§ **WHAT IS REQUIRED**:
Write out, word for word, the part of the listing below that opens with the line containing "## bottom copper" and closes with the line containing "# KiCad board", keeping both of those lines and adding no others.

§ **DATASET EXTRACT**:

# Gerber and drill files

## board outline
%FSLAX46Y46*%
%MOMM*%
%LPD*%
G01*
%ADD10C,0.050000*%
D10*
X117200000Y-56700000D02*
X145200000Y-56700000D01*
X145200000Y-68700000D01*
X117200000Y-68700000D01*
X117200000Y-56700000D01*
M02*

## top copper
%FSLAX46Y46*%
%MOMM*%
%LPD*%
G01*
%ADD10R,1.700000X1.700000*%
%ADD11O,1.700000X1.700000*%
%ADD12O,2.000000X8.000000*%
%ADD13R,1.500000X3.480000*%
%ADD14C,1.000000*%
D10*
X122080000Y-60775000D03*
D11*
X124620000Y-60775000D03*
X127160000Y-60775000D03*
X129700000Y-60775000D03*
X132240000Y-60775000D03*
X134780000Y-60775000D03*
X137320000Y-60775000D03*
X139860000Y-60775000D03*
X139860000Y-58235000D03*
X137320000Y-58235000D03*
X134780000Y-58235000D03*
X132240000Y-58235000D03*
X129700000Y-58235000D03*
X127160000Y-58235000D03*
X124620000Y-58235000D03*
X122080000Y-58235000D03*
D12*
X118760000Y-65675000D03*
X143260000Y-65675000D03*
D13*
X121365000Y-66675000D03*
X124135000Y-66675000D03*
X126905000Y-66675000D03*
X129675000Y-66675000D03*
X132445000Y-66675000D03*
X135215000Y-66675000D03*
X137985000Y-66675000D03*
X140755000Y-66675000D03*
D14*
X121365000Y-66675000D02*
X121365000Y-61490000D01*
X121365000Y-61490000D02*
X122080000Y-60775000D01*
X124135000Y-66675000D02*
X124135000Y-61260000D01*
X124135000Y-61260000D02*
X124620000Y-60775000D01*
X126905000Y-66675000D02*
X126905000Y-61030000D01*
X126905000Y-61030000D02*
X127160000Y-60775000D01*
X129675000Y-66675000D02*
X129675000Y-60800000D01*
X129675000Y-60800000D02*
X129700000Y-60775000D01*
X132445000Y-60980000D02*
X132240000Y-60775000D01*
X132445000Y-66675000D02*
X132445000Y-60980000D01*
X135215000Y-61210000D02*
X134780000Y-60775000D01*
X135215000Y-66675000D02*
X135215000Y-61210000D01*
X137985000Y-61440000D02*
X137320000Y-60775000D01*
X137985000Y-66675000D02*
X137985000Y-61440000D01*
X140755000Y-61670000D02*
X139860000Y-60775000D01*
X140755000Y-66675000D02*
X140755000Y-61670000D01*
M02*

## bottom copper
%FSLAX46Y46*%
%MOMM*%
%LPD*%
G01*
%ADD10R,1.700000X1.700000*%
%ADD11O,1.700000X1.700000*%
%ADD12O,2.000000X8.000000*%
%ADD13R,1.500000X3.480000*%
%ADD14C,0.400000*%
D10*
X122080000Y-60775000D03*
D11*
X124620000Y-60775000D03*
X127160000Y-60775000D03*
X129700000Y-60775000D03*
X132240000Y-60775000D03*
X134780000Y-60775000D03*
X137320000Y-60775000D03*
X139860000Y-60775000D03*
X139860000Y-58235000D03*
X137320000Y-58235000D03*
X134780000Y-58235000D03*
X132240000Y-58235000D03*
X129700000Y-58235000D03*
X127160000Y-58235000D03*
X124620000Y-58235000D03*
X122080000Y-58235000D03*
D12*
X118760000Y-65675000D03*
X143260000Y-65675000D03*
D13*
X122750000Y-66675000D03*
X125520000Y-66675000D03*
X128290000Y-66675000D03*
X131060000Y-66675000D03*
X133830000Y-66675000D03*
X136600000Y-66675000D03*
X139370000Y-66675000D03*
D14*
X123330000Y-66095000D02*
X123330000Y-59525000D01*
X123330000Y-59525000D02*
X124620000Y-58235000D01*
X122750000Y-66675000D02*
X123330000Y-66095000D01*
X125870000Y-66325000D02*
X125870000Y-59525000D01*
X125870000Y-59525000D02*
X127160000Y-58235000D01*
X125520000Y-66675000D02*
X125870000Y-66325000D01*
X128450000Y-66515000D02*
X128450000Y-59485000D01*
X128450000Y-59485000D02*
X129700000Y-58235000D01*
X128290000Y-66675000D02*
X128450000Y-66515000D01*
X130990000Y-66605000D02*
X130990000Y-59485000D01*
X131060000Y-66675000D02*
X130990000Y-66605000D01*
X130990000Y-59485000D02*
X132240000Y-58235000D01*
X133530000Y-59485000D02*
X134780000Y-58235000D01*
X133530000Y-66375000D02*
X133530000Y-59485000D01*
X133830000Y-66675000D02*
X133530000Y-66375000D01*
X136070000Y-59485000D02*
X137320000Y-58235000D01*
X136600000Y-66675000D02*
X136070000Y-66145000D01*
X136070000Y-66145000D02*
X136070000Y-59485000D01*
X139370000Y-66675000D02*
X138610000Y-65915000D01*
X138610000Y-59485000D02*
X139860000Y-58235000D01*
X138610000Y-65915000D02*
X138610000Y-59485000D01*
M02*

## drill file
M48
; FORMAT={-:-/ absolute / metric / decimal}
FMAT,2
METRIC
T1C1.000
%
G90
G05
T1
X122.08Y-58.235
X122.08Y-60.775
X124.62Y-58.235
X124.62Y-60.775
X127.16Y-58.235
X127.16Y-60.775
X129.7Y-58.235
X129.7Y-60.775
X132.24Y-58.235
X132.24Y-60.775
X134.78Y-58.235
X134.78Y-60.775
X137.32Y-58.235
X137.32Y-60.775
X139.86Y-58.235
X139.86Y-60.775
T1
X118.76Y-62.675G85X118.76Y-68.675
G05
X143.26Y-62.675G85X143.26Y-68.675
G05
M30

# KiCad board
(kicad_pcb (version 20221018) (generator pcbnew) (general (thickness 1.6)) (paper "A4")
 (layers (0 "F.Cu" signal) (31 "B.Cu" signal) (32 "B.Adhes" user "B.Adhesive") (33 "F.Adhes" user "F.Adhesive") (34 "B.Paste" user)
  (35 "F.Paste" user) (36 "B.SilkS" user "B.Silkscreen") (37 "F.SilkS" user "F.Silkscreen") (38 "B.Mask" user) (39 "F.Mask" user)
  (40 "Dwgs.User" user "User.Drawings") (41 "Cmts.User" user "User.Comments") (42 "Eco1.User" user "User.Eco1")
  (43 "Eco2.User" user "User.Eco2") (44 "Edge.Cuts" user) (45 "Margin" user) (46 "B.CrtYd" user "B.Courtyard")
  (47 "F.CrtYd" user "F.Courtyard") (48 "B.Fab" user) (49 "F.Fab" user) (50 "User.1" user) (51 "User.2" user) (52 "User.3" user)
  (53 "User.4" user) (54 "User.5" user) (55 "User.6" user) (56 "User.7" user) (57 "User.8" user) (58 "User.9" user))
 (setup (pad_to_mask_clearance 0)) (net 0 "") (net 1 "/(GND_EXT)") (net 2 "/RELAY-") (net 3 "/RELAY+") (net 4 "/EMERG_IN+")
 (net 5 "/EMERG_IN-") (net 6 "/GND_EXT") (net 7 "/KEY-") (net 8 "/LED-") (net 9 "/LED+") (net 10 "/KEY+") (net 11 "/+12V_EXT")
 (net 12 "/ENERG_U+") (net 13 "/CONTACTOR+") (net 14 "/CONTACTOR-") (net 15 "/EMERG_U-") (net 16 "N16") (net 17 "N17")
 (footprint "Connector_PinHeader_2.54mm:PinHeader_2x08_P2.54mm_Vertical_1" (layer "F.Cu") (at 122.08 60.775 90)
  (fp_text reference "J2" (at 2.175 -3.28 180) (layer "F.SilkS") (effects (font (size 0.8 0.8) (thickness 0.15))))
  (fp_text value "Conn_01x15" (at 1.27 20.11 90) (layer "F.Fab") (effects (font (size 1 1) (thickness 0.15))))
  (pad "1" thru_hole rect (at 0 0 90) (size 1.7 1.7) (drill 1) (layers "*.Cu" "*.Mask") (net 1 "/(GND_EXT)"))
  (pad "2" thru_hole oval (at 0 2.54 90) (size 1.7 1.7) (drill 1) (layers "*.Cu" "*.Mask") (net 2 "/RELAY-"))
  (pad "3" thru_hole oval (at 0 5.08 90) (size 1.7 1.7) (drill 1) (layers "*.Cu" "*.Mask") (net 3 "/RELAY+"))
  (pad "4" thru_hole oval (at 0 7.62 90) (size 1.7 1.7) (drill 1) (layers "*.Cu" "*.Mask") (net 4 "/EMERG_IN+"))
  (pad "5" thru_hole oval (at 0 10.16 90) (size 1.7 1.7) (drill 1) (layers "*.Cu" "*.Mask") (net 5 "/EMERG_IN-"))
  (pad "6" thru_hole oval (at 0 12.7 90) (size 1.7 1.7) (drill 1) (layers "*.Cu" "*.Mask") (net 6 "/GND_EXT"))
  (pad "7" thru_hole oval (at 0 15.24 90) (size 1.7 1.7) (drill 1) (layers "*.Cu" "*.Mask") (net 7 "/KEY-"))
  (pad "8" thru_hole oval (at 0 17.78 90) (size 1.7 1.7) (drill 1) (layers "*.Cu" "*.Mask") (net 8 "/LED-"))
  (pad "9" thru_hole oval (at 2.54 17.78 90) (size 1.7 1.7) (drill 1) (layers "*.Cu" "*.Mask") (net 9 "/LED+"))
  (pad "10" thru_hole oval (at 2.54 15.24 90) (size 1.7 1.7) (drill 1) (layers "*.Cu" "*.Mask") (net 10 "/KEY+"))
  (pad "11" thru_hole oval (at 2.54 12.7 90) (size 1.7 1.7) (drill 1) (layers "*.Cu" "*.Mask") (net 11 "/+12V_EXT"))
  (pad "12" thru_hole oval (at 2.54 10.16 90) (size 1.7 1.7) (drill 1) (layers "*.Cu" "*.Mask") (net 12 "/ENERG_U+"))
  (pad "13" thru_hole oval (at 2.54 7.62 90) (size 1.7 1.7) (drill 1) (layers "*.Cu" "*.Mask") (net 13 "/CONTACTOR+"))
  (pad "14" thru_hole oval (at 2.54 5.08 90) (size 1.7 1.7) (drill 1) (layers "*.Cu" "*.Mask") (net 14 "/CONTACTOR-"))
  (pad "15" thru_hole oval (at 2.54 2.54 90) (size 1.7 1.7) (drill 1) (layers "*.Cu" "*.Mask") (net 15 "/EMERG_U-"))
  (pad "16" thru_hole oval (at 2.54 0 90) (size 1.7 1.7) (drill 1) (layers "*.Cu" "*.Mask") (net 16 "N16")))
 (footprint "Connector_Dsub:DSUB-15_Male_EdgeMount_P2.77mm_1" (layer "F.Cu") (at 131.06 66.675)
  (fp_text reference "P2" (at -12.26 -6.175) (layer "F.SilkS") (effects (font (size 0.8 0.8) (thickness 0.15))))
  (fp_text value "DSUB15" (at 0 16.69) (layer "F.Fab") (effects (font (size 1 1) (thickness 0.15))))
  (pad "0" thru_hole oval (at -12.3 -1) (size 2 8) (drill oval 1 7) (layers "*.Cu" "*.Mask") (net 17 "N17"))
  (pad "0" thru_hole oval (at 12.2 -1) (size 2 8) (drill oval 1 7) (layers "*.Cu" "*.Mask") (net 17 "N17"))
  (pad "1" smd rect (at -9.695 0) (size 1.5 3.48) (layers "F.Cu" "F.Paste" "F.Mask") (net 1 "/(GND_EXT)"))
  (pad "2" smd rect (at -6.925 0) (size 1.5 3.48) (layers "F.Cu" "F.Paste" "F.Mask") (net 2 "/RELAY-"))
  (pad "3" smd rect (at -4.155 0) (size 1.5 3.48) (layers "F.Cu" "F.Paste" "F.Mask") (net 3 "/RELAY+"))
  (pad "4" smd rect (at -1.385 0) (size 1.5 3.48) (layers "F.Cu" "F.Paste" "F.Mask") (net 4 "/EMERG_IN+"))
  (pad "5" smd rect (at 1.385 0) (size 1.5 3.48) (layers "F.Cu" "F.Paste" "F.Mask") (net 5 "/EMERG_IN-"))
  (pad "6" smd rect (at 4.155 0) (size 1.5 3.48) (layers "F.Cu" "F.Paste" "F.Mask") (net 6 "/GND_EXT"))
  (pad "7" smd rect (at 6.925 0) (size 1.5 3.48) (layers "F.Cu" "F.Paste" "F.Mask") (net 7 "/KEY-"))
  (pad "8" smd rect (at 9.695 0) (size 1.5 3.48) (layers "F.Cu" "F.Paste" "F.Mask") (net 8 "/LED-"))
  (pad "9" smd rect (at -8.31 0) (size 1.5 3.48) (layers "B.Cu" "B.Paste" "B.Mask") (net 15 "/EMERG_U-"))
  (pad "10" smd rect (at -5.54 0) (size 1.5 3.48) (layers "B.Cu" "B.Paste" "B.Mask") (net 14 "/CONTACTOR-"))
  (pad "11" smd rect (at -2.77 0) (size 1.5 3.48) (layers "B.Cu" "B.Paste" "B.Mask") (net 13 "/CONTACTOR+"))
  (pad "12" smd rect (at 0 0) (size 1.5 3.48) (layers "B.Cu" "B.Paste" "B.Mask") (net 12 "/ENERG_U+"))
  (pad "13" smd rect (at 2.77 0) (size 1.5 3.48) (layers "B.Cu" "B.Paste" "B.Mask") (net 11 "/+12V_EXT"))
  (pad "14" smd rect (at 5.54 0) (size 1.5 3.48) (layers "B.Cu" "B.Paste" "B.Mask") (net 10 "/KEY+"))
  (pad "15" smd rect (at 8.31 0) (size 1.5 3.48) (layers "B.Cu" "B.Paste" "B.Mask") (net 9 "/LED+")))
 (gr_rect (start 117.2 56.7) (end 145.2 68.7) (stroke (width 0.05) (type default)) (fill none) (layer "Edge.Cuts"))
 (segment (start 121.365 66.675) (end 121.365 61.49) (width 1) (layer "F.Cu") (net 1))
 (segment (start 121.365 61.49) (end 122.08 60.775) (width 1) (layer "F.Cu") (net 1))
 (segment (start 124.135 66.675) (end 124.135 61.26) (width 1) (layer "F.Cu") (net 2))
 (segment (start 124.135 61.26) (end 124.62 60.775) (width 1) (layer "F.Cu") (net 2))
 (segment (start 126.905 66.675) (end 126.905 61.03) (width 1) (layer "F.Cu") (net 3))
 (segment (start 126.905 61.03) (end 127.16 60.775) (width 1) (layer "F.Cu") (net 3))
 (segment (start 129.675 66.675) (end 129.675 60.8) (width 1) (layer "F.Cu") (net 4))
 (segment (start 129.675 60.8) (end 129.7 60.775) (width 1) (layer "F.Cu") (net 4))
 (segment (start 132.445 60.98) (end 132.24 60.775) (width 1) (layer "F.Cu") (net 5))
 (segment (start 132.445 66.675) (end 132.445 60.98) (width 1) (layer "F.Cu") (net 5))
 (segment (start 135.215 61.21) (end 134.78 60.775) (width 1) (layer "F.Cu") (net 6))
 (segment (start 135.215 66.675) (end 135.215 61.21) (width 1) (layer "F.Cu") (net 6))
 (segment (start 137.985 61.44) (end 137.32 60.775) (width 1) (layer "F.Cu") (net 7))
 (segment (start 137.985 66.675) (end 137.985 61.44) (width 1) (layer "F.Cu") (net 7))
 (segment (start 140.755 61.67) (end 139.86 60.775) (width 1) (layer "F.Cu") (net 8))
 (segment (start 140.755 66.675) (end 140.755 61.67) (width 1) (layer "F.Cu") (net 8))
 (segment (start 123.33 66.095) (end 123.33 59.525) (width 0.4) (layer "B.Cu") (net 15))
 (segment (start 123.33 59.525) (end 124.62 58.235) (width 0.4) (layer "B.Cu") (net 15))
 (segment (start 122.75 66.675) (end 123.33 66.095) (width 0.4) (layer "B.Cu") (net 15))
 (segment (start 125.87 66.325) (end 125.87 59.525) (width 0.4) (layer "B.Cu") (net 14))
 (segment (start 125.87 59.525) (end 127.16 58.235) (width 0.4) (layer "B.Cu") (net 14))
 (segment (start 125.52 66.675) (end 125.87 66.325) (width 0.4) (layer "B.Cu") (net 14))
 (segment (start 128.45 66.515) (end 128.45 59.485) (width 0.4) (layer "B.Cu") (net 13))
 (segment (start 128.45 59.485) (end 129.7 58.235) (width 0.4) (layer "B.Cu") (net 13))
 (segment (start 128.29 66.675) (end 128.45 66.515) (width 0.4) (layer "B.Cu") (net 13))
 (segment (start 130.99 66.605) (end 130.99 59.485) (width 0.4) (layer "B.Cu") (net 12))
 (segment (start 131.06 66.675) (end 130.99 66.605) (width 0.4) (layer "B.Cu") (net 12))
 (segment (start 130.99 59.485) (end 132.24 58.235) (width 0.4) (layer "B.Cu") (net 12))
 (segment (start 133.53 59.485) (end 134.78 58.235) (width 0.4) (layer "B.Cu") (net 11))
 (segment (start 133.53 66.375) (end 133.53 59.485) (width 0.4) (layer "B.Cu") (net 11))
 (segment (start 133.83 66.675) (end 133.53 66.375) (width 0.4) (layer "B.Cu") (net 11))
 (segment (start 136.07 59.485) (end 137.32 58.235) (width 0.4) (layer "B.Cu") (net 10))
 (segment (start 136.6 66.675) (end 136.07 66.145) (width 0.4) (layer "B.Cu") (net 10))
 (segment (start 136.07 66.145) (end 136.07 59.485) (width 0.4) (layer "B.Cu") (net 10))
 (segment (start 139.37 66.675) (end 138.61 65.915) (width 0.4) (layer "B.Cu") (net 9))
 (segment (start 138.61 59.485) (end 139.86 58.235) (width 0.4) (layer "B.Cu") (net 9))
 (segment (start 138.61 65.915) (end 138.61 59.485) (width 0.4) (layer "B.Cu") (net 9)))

§ **RESPONSE BELOW**:
## bottom copper
%FSLAX46Y46*%
%MOMM*%
%LPD*%
G01*
%ADD10R,1.700000X1.700000*%
%ADD11O,1.700000X1.700000*%
%ADD12O,2.000000X8.000000*%
%ADD13R,1.500000X3.480000*%
%ADD14C,0.400000*%
D10*
X122080000Y-60775000D03*
D11*
X124620000Y-60775000D03*
X127160000Y-60775000D03*
X129700000Y-60775000D03*
X132240000Y-60775000D03*
X134780000Y-60775000D03*
X137320000Y-60775000D03*
X139860000Y-60775000D03*
X139860000Y-58235000D03*
X137320000Y-58235000D03*
X134780000Y-58235000D03*
X132240000Y-58235000D03*
X129700000Y-58235000D03*
X127160000Y-58235000D03*
X124620000Y-58235000D03*
X122080000Y-58235000D03*
D12*
X118760000Y-65675000D03*
X143260000Y-65675000D03*
D13*
X122750000Y-66675000D03*
X125520000Y-66675000D03*
X128290000Y-66675000D03*
X131060000Y-66675000D03*
X133830000Y-66675000D03*
X136600000Y-66675000D03*
X139370000Y-66675000D03*
D14*
X123330000Y-66095000D02*
X123330000Y-59525000D01*
X123330000Y-59525000D02*
X124620000Y-58235000D01*
X122750000Y-66675000D02*
X123330000Y-66095000D01*
X125870000Y-66325000D02*
X125870000Y-59525000D01*
X125870000Y-59525000D02*
X127160000Y-58235000D01*
X125520000Y-66675000D02*
X125870000Y-66325000D01*
X128450000Y-66515000D02*
X128450000Y-59485000D01*
X128450000Y-59485000D02*
X129700000Y-58235000D01*
X128290000Y-66675000D02*
X128450000Y-66515000D01*
X130990000Y-66605000D02*
X130990000Y-59485000D01*
X131060000Y-66675000D02*
X130990000Y-66605000D01*
X130990000Y-59485000D02*
X132240000Y-58235000D01*
X133530000Y-59485000D02*
X134780000Y-58235000D01*
X133530000Y-66375000D02*
X133530000Y-59485000D01*
X133830000Y-66675000D02*
X133530000Y-66375000D01*
X136070000Y-59485000D02*
X137320000Y-58235000D01*
X136600000Y-66675000D02*
X136070000Y-66145000D01*
X136070000Y-66145000D02*
X136070000Y-59485000D01*
X139370000Y-66675000D02*
X138610000Y-65915000D01*
X138610000Y-59485000D02*
X139860000Y-58235000D01*
X138610000Y-65915000D02*
X138610000Y-59485000D01*
M02*

## drill file
M48
; FORMAT={-:-/ absolute / metric / decimal}
FMAT,2
METRIC
T1C1.000
%
G90
G05
T1
X122.08Y-58.235
X122.08Y-60.775
X124.62Y-58.235
X124.62Y-60.775
X127.16Y-58.235
X127.16Y-60.775
X129.7Y-58.235
X129.7Y-60.775
X132.24Y-58.235
X132.24Y-60.775
X134.78Y-58.235
X134.78Y-60.775
X137.32Y-58.235
X137.32Y-60.775
X139.86Y-58.235
X139.86Y-60.775
T1
X118.76Y-62.675G85X118.76Y-68.675
G05
X143.26Y-62.675G85X143.26Y-68.675
G05
M30

# KiCad board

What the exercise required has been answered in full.